Closed DanyC97 closed 5 years ago
/cc @cgwalters in case you have some thoughts from RHCOS/ MCO side.
are you sure you approved the CSR for your machine https://docs.openshift.com/container-platform/4.1/installing/installing_vsphere/installing-vsphere.html#installation-approve-csrs_installing-vsphere
was passed which then redirected to the custom dani-k8s-node-2.ign file which had injected the above snippets. That triggered a reboot between the ignition apply steps
what do you mean by rebooted between ignition apply steps.. ignition doesn't require reboot.
@abhinavdahiya thank you for taking the time to respond, much appreciated !

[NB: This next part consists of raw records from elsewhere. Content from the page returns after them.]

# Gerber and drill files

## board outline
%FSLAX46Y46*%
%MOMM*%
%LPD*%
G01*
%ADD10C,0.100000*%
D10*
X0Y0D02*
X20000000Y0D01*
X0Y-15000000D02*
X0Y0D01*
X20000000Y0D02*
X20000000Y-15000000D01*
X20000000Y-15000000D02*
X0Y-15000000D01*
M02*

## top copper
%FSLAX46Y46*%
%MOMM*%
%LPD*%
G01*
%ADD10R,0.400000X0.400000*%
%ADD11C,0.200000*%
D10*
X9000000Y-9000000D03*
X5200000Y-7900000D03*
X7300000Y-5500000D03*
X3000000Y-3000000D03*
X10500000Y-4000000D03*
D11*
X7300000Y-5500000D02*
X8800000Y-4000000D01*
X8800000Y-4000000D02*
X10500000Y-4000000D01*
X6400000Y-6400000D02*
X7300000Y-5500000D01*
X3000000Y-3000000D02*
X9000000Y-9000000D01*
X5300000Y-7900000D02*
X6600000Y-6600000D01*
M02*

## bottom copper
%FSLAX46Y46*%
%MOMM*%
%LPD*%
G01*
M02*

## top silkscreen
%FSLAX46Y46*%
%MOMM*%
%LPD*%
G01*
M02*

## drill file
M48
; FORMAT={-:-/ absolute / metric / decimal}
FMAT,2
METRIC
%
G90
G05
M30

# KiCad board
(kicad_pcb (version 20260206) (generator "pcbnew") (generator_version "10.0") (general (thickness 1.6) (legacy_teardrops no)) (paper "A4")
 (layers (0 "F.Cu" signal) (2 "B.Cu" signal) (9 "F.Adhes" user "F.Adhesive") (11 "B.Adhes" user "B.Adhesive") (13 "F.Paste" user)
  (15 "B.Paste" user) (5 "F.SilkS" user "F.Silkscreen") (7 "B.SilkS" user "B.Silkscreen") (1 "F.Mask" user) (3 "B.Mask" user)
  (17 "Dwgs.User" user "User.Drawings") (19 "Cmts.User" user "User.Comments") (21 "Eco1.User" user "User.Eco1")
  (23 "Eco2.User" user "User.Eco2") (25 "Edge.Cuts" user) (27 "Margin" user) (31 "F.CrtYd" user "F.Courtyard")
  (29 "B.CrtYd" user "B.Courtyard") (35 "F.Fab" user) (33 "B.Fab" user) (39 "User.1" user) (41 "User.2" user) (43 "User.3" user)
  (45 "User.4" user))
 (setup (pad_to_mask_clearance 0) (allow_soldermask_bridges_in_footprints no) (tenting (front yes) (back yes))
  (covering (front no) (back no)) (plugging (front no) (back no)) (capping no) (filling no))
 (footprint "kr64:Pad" (layer "F.Cu") (at 9 9)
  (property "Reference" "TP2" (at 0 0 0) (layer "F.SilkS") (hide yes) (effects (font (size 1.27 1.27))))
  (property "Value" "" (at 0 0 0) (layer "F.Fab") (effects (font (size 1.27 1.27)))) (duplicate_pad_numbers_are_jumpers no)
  (pad "1" smd rect (at 0 0) (size 0.4 0.4) (layers "F.Cu" "F.Mask" "F.Paste") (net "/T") (thermal_bridge_angle 45)))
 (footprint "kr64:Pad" (layer "F.Cu") (at 5.2 7.9)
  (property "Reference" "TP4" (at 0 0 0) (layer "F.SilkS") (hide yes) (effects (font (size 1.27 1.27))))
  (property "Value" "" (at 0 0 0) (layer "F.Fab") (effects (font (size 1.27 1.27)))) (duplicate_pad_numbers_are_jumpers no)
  (pad "1" smd rect (at 0 0) (size 0.4 0.4) (layers "F.Cu" "F.Mask" "F.Paste") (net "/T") (thermal_bridge_angle 45)))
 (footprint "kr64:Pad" (layer "F.Cu") (at 7.3 5.5)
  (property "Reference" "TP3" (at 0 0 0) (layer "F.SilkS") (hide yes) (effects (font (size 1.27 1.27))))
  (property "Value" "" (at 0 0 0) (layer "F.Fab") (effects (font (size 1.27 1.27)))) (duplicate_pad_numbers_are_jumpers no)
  (pad "1" smd rect (at 0 0) (size 0.4 0.4) (layers "F.Cu" "F.Mask" "F.Paste") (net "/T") (thermal_bridge_angle 45)))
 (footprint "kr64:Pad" (layer "F.Cu") (at 3 3)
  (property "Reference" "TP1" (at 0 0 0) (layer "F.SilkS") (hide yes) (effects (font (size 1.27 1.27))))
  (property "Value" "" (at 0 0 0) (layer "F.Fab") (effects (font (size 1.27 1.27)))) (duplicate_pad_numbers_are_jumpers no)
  (pad "1" smd rect (at 0 0) (size 0.4 0.4) (layers "F.Cu" "F.Mask" "F.Paste") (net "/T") (thermal_bridge_angle 45)))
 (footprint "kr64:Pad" (layer "F.Cu") (at 10.5 4)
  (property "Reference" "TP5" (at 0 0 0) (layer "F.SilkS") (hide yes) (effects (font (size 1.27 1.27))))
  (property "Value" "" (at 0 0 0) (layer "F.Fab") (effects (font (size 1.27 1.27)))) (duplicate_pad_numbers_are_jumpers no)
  (pad "1" smd rect (at 0 0) (size 0.4 0.4) (layers "F.Cu" "F.Mask" "F.Paste") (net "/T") (thermal_bridge_angle 45)))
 (gr_line (start 0 0) (end 20 0) (stroke (width 0.1) (type default)) (layer "Edge.Cuts"))
 (gr_line (start 0 15) (end 0 0) (stroke (width 0.1) (type default)) (layer "Edge.Cuts"))
 (gr_line (start 20 0) (end 20 15) (stroke (width 0.1) (type default)) (layer "Edge.Cuts"))
 (gr_line (start 20 15) (end 0 15) (stroke (width 0.1) (type default)) (layer "Edge.Cuts"))
 (segment (start 7.3 5.5) (end 8.8 4) (width 0.2) (layer "F.Cu") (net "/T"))
 (segment (start 8.8 4) (end 10.5 4) (width 0.2) (layer "F.Cu") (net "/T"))
 (segment (start 6.4 6.4) (end 7.3 5.5) (width 0.2) (layer "F.Cu") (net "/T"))
 (segment (start 3 3) (end 9 9) (width 0.2) (layer "F.Cu") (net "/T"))
 (segment (start 5.3 7.9) (end 6.6 6.6) (width 0.2) (layer "F.Cu") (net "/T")))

are you sure you approved the CSR for your machine https://docs.openshift.com/container-platform/4.1/installing/installing_vsphere/installing-vsphere.html#installation-approve-csrs_installing-vsphere
i never needed to approve any CSR, what i saw on previous deployments (for control and compute nodes) was that the CSRs were auto approved.

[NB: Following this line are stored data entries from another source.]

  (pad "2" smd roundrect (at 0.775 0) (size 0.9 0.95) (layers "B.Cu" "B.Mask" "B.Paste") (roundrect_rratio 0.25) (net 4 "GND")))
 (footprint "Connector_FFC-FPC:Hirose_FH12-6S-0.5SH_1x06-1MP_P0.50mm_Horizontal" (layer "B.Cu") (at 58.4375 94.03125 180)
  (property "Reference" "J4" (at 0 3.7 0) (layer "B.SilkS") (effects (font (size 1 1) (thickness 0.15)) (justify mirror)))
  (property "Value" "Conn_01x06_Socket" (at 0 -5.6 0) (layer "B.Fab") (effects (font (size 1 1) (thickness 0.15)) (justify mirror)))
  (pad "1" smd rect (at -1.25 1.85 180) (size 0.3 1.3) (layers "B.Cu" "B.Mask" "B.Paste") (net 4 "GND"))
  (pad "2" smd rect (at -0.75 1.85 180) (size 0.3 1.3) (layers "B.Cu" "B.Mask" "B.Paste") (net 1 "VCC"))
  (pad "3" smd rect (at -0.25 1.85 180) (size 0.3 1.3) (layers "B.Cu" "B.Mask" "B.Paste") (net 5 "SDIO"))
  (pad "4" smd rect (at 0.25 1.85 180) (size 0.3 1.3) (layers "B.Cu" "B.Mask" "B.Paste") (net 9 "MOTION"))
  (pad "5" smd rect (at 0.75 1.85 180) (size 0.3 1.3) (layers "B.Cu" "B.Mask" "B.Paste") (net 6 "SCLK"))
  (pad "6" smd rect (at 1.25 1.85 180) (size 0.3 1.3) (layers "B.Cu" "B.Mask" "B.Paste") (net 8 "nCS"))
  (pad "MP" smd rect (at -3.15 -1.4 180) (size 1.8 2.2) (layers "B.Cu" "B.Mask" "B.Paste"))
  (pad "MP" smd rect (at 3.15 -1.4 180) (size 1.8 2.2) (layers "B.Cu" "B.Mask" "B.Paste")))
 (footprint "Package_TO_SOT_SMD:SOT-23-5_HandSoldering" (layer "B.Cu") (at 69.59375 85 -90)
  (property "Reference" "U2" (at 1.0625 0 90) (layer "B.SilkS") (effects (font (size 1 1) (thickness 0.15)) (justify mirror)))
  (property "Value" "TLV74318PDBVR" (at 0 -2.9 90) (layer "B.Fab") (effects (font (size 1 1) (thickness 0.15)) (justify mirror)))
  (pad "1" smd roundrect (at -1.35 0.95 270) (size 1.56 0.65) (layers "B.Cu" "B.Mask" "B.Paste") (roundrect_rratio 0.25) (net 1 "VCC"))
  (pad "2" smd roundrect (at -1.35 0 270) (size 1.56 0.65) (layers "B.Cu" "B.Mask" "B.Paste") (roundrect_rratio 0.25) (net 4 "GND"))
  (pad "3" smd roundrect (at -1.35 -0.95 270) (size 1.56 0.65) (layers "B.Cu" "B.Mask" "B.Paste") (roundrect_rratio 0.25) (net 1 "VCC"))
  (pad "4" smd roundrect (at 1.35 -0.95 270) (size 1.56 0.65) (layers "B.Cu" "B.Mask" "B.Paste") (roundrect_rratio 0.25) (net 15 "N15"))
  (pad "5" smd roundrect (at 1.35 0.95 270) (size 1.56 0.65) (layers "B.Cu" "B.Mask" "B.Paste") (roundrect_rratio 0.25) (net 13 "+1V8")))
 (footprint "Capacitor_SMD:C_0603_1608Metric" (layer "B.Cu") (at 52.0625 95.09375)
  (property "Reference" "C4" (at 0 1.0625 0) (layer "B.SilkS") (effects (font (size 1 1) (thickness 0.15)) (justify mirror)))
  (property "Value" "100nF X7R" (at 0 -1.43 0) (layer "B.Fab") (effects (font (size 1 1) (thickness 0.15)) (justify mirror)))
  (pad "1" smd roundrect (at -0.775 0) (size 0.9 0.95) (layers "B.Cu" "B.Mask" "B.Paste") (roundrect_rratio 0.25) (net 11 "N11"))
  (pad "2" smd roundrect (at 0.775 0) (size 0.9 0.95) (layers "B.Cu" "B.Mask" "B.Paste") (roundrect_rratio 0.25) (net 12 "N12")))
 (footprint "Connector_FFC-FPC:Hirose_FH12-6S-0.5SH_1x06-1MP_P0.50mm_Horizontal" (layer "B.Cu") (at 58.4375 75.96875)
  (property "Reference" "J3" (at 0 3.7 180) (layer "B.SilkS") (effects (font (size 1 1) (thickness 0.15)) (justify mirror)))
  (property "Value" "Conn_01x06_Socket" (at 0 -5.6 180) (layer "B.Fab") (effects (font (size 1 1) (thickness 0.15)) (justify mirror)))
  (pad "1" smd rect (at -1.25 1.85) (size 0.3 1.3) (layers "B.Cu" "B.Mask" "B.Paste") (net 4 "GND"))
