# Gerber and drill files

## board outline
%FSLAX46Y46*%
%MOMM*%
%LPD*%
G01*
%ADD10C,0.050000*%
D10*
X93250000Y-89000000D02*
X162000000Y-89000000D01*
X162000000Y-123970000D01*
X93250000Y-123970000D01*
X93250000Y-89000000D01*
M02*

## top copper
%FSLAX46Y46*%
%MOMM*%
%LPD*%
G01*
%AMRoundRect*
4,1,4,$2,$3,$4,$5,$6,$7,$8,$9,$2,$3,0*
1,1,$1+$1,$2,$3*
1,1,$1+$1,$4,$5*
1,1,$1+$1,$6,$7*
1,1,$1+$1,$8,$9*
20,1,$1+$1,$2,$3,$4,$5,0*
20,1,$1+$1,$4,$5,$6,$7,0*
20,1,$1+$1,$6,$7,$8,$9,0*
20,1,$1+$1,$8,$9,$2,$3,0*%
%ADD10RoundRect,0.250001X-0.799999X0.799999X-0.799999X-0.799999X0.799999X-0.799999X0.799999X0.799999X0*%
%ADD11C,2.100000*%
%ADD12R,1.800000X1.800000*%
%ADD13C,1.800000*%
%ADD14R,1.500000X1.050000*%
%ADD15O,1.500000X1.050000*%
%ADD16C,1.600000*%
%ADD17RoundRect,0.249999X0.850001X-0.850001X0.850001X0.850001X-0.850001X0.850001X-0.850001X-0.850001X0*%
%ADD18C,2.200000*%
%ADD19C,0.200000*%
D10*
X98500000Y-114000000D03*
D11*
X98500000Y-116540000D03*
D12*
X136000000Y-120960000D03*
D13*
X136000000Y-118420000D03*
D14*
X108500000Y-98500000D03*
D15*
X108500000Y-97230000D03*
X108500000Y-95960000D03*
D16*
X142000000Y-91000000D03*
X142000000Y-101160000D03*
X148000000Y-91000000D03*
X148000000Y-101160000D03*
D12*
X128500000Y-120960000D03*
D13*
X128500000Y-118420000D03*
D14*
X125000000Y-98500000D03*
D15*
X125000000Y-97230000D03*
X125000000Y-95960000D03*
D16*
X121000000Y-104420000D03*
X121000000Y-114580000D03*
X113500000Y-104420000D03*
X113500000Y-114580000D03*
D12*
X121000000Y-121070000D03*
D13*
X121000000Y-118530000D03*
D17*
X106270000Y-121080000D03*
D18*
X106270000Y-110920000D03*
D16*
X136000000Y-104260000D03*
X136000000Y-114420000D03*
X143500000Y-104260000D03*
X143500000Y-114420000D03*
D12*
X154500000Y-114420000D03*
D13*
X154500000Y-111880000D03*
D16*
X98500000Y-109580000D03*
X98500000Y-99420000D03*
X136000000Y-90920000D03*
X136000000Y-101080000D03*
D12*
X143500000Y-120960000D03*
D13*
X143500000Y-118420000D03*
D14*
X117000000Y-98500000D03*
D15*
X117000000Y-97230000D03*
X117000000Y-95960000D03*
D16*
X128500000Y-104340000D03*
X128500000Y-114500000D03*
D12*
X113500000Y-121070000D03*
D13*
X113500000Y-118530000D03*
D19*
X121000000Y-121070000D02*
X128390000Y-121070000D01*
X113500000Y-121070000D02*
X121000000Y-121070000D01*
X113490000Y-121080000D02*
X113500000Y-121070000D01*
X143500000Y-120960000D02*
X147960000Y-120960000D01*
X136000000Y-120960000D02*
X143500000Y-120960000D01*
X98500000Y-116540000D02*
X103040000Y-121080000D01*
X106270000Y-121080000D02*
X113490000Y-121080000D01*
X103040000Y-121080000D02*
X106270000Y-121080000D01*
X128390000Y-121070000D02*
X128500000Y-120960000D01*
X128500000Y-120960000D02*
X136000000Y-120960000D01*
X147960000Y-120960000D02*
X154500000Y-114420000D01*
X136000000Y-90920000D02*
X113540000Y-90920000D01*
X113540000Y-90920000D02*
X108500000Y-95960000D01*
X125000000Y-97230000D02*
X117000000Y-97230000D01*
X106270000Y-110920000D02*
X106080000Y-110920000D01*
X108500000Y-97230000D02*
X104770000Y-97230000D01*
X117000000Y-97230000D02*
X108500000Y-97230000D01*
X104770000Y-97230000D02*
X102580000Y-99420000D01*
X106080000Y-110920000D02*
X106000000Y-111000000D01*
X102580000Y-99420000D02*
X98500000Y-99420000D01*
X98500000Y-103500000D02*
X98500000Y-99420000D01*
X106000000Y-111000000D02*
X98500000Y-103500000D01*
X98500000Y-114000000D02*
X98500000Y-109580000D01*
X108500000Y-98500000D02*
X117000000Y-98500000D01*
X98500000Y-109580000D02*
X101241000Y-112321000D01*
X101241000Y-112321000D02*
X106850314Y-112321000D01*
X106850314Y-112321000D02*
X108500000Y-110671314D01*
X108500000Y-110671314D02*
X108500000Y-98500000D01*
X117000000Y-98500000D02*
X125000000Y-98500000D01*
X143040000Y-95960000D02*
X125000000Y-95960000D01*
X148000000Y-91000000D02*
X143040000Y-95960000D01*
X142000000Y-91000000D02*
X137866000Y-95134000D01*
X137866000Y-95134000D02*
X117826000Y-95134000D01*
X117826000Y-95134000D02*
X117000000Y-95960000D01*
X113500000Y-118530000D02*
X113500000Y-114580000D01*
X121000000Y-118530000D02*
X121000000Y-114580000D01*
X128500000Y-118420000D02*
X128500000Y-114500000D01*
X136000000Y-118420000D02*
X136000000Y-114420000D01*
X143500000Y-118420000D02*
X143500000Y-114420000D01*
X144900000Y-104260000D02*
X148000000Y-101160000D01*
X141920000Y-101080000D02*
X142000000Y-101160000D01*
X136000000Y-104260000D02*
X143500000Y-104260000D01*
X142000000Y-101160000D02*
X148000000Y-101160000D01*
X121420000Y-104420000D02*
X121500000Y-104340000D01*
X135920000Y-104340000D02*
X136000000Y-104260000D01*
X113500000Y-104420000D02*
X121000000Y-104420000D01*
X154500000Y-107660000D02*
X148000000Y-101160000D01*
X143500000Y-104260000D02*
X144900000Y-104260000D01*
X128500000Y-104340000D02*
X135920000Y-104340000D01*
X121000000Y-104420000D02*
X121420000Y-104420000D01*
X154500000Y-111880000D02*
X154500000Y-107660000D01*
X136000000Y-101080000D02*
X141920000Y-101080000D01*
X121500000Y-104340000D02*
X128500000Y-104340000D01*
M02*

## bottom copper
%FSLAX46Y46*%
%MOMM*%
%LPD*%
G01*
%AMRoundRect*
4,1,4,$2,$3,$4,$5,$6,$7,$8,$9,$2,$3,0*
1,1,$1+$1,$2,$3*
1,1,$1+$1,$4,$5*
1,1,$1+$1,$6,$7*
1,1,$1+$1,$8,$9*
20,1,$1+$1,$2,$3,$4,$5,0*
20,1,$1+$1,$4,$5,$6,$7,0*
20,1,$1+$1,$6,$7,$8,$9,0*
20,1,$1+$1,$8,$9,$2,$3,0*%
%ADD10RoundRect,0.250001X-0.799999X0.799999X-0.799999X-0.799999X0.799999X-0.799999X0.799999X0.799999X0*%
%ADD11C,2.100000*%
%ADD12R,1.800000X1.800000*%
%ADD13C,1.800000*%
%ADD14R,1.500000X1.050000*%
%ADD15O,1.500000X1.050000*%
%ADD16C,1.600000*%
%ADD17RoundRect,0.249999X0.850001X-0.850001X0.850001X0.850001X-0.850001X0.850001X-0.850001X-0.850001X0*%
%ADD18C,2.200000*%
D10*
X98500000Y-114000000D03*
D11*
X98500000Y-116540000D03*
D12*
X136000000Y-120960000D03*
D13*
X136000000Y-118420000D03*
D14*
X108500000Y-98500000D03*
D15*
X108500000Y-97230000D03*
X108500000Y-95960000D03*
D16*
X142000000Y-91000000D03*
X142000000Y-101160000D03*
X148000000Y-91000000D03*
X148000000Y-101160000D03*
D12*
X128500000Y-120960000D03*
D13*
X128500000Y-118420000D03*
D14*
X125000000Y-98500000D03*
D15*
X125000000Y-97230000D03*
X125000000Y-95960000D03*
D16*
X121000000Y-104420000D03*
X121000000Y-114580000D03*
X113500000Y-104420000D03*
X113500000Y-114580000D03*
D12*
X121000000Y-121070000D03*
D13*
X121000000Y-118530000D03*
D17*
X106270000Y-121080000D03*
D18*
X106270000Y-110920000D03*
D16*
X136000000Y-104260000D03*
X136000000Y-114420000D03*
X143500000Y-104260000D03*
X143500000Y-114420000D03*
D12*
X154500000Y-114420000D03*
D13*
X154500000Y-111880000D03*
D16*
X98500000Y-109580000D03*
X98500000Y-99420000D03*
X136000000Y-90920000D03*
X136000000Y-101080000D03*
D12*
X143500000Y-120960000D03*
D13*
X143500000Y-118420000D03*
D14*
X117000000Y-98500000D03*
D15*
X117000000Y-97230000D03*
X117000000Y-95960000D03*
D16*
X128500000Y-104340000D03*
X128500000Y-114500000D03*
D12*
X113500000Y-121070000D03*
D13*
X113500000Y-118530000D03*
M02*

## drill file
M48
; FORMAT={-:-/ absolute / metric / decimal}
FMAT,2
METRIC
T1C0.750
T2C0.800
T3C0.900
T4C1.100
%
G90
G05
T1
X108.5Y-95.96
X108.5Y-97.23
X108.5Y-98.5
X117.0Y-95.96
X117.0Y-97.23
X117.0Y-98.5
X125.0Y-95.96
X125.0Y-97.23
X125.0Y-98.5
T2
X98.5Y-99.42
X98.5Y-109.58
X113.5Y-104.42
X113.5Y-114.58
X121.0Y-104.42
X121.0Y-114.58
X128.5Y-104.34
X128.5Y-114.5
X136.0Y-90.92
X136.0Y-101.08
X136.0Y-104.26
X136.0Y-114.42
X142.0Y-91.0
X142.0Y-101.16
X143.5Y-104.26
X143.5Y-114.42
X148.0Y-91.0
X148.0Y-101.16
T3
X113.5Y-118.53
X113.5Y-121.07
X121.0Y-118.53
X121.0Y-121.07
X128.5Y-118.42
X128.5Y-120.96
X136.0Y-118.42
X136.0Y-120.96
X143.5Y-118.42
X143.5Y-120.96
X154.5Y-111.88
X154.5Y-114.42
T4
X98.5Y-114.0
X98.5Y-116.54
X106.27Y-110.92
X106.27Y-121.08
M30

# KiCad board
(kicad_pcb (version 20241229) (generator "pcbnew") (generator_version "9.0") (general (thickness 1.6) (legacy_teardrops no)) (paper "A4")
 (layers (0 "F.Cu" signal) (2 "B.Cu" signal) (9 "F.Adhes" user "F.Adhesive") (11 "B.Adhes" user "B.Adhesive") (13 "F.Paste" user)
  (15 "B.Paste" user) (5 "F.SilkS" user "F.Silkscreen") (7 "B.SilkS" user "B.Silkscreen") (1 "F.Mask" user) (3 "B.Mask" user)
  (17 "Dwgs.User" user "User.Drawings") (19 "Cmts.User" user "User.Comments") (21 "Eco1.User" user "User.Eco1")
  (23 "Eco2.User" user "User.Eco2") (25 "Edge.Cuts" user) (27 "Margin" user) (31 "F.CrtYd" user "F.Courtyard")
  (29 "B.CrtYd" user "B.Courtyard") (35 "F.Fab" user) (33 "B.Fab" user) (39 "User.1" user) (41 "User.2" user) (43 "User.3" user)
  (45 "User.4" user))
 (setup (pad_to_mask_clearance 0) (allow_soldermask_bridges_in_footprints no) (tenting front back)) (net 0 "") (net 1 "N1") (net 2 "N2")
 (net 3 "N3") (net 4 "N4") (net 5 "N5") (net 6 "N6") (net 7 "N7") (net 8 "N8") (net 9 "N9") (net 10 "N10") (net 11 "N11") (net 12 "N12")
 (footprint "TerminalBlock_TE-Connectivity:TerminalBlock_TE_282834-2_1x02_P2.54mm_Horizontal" (layer "F.Cu") (at 98.5 114 -90)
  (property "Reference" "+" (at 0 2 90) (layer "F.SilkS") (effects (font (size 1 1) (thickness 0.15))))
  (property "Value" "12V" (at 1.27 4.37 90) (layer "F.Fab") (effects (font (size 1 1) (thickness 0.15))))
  (pad "1" thru_hole roundrect (at 0 0 270) (size 2.1 2.1) (drill 1.1) (layers "*.Cu" "*.Mask") (remove_unused_layers no)
   (roundrect_rratio 0.119048) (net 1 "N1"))
  (pad "2" thru_hole circle (at 2.54 0 270) (size 2.1 2.1) (drill 1.1) (layers "*.Cu" "*.Mask") (remove_unused_layers no) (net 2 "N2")))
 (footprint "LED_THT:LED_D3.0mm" (layer "F.Cu") (at 136 120.96 90)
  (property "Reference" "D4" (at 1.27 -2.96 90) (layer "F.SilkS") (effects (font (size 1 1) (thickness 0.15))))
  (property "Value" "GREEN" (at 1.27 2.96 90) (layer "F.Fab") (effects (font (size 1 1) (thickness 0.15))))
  (pad "1" thru_hole rect (at 0 0 90) (size 1.8 1.8) (drill 0.9) (layers "*.Cu" "*.Mask") (remove_unused_layers no) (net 2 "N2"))
  (pad "2" thru_hole circle (at 2.54 0 90) (size 1.8 1.8) (drill 0.9) (layers "*.Cu" "*.Mask") (remove_unused_layers no) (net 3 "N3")))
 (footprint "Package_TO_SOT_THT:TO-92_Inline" (layer "F.Cu") (at 108.5 98.5 90)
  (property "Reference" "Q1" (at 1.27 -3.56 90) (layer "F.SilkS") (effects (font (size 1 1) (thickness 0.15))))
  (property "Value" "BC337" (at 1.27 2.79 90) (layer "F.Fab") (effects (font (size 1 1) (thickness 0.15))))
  (pad "1" thru_hole rect (at 0 0 90) (size 1.05 1.5) (drill 0.75) (layers "*.Cu" "*.Mask") (remove_unused_layers no) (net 1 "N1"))
  (pad "2" thru_hole oval (at 1.27 0 90) (size 1.05 1.5) (drill 0.75) (layers "*.Cu" "*.Mask") (remove_unused_layers no) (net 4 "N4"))
  (pad "3" thru_hole oval (at 2.54 0 90) (size 1.05 1.5) (drill 0.75) (layers "*.Cu" "*.Mask") (remove_unused_layers no) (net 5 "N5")))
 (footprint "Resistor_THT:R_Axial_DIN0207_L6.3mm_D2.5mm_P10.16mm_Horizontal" (layer "F.Cu") (at 142 91 -90)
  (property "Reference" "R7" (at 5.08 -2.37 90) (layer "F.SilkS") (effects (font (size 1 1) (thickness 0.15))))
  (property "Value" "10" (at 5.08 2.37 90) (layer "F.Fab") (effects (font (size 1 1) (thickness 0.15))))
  (pad "1" thru_hole circle (at 0 0 270) (size 1.6 1.6) (drill 0.8) (layers "*.Cu" "*.Mask") (remove_unused_layers no) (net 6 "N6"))
  (pad "2" thru_hole circle (at 10.16 0 270) (size 1.6 1.6) (drill 0.8) (layers "*.Cu" "*.Mask") (remove_unused_layers no) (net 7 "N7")))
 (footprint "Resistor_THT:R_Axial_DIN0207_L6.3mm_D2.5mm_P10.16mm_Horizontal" (layer "F.Cu") (at 148 91 -90)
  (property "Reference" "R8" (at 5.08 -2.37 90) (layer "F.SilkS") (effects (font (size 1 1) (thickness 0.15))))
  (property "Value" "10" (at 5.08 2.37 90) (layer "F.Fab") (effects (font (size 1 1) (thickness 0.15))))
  (pad "1" thru_hole circle (at 0 0 270) (size 1.6 1.6) (drill 0.8) (layers "*.Cu" "*.Mask") (remove_unused_layers no) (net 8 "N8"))
  (pad "2" thru_hole circle (at 10.16 0 270) (size 1.6 1.6) (drill 0.8) (layers "*.Cu" "*.Mask") (remove_unused_layers no) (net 7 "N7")))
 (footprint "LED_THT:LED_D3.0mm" (layer "F.Cu") (at 128.5 120.96 90)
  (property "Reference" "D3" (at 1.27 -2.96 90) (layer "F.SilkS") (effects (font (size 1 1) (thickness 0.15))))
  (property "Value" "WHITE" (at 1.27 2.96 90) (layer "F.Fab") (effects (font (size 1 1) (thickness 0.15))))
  (pad "1" thru_hole rect (at 0 0 90) (size 1.8 1.8) (drill 0.9) (layers "*.Cu" "*.Mask") (remove_unused_layers no) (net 2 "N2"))
  (pad "2" thru_hole circle (at 2.54 0 90) (size 1.8 1.8) (drill 0.9) (layers "*.Cu" "*.Mask") (remove_unused_layers no) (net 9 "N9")))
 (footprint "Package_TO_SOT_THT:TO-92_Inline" (layer "F.Cu") (at 125 98.5 90)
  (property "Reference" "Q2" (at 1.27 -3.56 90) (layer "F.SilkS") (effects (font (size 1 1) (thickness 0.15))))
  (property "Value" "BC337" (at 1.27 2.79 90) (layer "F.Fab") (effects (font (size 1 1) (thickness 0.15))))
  (pad "1" thru_hole rect (at 0 0 90) (size 1.05 1.5) (drill 0.75) (layers "*.Cu" "*.Mask") (remove_unused_layers no) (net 1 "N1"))
  (pad "2" thru_hole oval (at 1.27 0 90) (size 1.05 1.5) (drill 0.75) (layers "*.Cu" "*.Mask") (remove_unused_layers no) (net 4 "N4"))
  (pad "3" thru_hole oval (at 2.54 0 90) (size 1.05 1.5) (drill 0.75) (layers "*.Cu" "*.Mask") (remove_unused_layers no) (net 8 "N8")))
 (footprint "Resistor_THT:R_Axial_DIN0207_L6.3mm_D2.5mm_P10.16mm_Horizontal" (layer "F.Cu") (at 121 104.42 -90)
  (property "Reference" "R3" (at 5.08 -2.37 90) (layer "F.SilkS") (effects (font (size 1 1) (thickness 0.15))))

I'm not sure if there are two paths (if there are please help me understand how it works) here in v4 w.r.t approving the CSRs however all i can say is that looking in the cluster i have running (where the above node didn't join the cluster) i see
oc get -n openshift-cluster-machine-approver all
NAME READY STATUS RESTARTS AGE
pod/machine-approver-7cd7f97455-g9x5q 1/1 Running 0 11d
NAME READY UP-TO-DATE AVAILABLE AGE
deployment.apps/machine-approver 1/1 1 1 11d
NAME DESIRED CURRENT READY AGE
replicaset.apps/machine-approver-7cd7f97455 1 1 1 11d
which is coming from cluster-machine-approver and i can see in the pod's log traces like
I0624 20:31:13.706332 1 main.go:107] CSR csr-5tpq5 added
I0624 20:31:13.708184 1 main.go:132] CSR csr-5tpq5 not authorized: Invalid request
I0624 20:31:13.708206 1 main.go:164] Error syncing csr csr-5tpq5: Invalid request
I0624 20:31:13.748375 1 main.go:107] CSR csr-5tpq5 added
I0624 20:31:13.750478 1 main.go:132] CSR csr-5tpq5 not authorized: Invalid request
I0624 20:31:13.750496 1 main.go:164] Error syncing csr csr-5tpq5: Invalid request
I0624 20:31:13.830649 1 main.go:107] CSR csr-5tpq5 added
I0624 20:31:13.833242 1 main.go:132] CSR csr-5tpq5 not authorized: Invalid request
E0624 20:31:13.833321 1 main.go:174] Invalid request
I0624 20:31:13.833366 1 main.go:175] Dropping CSR "csr-5tpq5" out of the queue: Invalid request
Saying that i am not sure if this is part of the machine-api-operator as i haven't worked out how to trace backwards a deployment -> operator (any hints much appreciated ;) ) ..but i guess it is ..
Update
see attached the whole machine-approver-7cd7f97455-g9x5q
pod's log in case you might find s'thing ...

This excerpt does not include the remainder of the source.